━━━━━ INFORMATION SHOWN
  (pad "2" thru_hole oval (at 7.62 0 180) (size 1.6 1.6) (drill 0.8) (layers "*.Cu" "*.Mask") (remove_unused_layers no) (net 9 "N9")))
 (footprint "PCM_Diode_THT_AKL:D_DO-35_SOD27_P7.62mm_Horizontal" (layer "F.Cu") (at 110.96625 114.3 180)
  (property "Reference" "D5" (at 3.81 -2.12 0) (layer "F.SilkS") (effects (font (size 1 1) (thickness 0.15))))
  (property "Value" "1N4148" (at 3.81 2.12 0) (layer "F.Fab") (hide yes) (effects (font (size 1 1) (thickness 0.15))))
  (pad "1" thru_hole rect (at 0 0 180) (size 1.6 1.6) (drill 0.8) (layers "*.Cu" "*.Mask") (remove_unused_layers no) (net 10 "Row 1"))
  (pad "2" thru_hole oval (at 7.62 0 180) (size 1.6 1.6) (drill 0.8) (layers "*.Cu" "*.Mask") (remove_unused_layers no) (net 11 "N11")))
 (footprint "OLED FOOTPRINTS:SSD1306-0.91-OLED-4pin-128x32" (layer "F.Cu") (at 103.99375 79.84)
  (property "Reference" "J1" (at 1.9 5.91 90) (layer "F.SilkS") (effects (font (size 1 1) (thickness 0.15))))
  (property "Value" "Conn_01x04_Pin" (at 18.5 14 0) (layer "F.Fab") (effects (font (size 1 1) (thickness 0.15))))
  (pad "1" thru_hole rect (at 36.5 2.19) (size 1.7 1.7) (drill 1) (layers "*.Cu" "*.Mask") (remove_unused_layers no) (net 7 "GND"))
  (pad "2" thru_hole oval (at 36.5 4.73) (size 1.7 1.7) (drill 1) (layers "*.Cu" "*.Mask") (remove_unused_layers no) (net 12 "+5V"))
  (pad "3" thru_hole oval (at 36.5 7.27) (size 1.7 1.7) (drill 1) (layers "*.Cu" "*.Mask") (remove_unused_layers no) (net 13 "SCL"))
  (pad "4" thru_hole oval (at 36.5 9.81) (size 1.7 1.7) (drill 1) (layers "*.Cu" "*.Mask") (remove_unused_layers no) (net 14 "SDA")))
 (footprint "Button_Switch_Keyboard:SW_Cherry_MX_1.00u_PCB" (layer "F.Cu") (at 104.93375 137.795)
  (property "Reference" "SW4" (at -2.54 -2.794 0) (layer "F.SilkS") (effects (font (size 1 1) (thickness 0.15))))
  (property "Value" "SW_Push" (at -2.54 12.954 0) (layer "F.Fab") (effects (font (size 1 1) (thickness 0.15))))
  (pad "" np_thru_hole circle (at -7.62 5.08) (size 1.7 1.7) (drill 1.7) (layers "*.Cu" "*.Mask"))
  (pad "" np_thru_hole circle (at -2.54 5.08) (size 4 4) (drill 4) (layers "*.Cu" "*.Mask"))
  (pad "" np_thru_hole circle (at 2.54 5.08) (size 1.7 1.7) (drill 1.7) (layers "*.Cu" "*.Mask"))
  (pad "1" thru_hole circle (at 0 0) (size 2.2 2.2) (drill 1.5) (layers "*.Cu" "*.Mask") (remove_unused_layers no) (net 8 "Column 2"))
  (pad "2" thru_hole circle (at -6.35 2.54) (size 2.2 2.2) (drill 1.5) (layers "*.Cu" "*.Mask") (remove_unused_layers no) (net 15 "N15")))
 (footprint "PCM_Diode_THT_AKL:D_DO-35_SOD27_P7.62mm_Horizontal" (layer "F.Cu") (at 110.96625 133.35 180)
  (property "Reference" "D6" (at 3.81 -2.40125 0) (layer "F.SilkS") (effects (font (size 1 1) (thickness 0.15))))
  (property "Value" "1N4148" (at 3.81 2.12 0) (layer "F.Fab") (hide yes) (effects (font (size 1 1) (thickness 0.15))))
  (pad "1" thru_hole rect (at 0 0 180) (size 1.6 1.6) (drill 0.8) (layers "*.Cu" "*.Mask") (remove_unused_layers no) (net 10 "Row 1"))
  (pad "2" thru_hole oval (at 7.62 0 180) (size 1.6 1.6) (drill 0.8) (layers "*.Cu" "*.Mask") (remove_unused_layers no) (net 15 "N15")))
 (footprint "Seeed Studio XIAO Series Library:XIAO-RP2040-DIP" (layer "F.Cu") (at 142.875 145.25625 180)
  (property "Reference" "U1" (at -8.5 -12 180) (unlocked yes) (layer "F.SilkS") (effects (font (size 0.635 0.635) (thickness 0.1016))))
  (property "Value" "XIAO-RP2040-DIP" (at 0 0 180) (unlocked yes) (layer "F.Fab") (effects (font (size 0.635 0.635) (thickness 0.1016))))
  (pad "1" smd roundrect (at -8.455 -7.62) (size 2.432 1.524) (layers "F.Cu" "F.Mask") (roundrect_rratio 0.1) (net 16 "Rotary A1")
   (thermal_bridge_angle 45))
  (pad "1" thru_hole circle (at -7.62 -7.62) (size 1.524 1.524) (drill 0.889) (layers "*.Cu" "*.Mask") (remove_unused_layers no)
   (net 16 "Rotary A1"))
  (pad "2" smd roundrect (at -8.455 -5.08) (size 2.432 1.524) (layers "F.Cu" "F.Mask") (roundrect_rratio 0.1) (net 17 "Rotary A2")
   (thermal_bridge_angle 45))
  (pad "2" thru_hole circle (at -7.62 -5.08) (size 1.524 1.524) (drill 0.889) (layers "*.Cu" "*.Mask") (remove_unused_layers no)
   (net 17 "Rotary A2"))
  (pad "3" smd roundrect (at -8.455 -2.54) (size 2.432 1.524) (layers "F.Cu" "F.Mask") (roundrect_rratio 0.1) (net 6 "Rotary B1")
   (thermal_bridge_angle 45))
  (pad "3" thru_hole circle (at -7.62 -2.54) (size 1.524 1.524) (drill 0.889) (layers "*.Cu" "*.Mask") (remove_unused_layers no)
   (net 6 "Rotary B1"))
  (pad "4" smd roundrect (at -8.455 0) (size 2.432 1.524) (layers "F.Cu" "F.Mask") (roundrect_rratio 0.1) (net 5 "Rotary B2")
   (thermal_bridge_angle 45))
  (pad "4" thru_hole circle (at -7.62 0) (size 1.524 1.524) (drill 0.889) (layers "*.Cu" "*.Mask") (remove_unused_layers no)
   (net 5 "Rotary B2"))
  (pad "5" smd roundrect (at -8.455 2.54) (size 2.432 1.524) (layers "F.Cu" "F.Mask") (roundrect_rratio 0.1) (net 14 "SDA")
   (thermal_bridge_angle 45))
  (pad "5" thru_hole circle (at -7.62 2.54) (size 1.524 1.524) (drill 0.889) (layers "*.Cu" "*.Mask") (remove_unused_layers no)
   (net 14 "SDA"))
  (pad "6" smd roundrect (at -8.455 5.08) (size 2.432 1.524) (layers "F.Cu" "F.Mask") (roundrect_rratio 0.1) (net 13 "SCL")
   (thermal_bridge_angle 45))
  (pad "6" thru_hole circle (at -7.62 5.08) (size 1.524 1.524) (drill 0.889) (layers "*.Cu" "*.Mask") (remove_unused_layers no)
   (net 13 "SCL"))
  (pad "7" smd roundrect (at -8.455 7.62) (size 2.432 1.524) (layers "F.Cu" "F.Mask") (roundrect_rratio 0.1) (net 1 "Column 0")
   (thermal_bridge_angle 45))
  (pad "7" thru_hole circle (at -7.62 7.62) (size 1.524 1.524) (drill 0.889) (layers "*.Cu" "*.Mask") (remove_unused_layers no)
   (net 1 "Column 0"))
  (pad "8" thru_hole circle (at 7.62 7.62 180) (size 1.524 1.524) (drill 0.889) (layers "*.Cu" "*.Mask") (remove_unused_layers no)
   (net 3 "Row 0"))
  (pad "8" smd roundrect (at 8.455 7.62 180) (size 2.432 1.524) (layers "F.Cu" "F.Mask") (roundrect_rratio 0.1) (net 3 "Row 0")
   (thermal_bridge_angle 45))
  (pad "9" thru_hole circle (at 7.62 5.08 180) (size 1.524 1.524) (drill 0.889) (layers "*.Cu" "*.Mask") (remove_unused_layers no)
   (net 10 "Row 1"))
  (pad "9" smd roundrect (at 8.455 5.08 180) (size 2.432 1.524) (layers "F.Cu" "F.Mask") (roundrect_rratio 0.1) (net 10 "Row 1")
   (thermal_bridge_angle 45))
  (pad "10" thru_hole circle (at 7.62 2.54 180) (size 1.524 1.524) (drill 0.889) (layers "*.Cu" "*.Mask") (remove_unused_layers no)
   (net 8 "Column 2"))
━━━━━━━━━━
▶ REQUIRED WORK
Return only the lines above that run from the opening line through the line containing "(at 36.5 7.27)", exactly as written.

▶ EXERCISE SOLUTION
  (pad "2" thru_hole oval (at 7.62 0 180) (size 1.6 1.6) (drill 0.8) (layers "*.Cu" "*.Mask") (remove_unused_layers no) (net 9 "N9")))
 (footprint "PCM_Diode_THT_AKL:D_DO-35_SOD27_P7.62mm_Horizontal" (layer "F.Cu") (at 110.96625 114.3 180)
  (property "Reference" "D5" (at 3.81 -2.12 0) (layer "F.SilkS") (effects (font (size 1 1) (thickness 0.15))))
  (property "Value" "1N4148" (at 3.81 2.12 0) (layer "F.Fab") (hide yes) (effects (font (size 1 1) (thickness 0.15))))
  (pad "1" thru_hole rect (at 0 0 180) (size 1.6 1.6) (drill 0.8) (layers "*.Cu" "*.Mask") (remove_unused_layers no) (net 10 "Row 1"))
  (pad "2" thru_hole oval (at 7.62 0 180) (size 1.6 1.6) (drill 0.8) (layers "*.Cu" "*.Mask") (remove_unused_layers no) (net 11 "N11")))
 (footprint "OLED FOOTPRINTS:SSD1306-0.91-OLED-4pin-128x32" (layer "F.Cu") (at 103.99375 79.84)
  (property "Reference" "J1" (at 1.9 5.91 90) (layer "F.SilkS") (effects (font (size 1 1) (thickness 0.15))))
  (property "Value" "Conn_01x04_Pin" (at 18.5 14 0) (layer "F.Fab") (effects (font (size 1 1) (thickness 0.15))))
  (pad "1" thru_hole rect (at 36.5 2.19) (size 1.7 1.7) (drill 1) (layers "*.Cu" "*.Mask") (remove_unused_layers no) (net 7 "GND"))
  (pad "2" thru_hole oval (at 36.5 4.73) (size 1.7 1.7) (drill 1) (layers "*.Cu" "*.Mask") (remove_unused_layers no) (net 12 "+5V"))
  (pad "3" thru_hole oval (at 36.5 7.27) (size 1.7 1.7) (drill 1) (layers "*.Cu" "*.Mask") (remove_unused_layers no) (net 13 "SCL"))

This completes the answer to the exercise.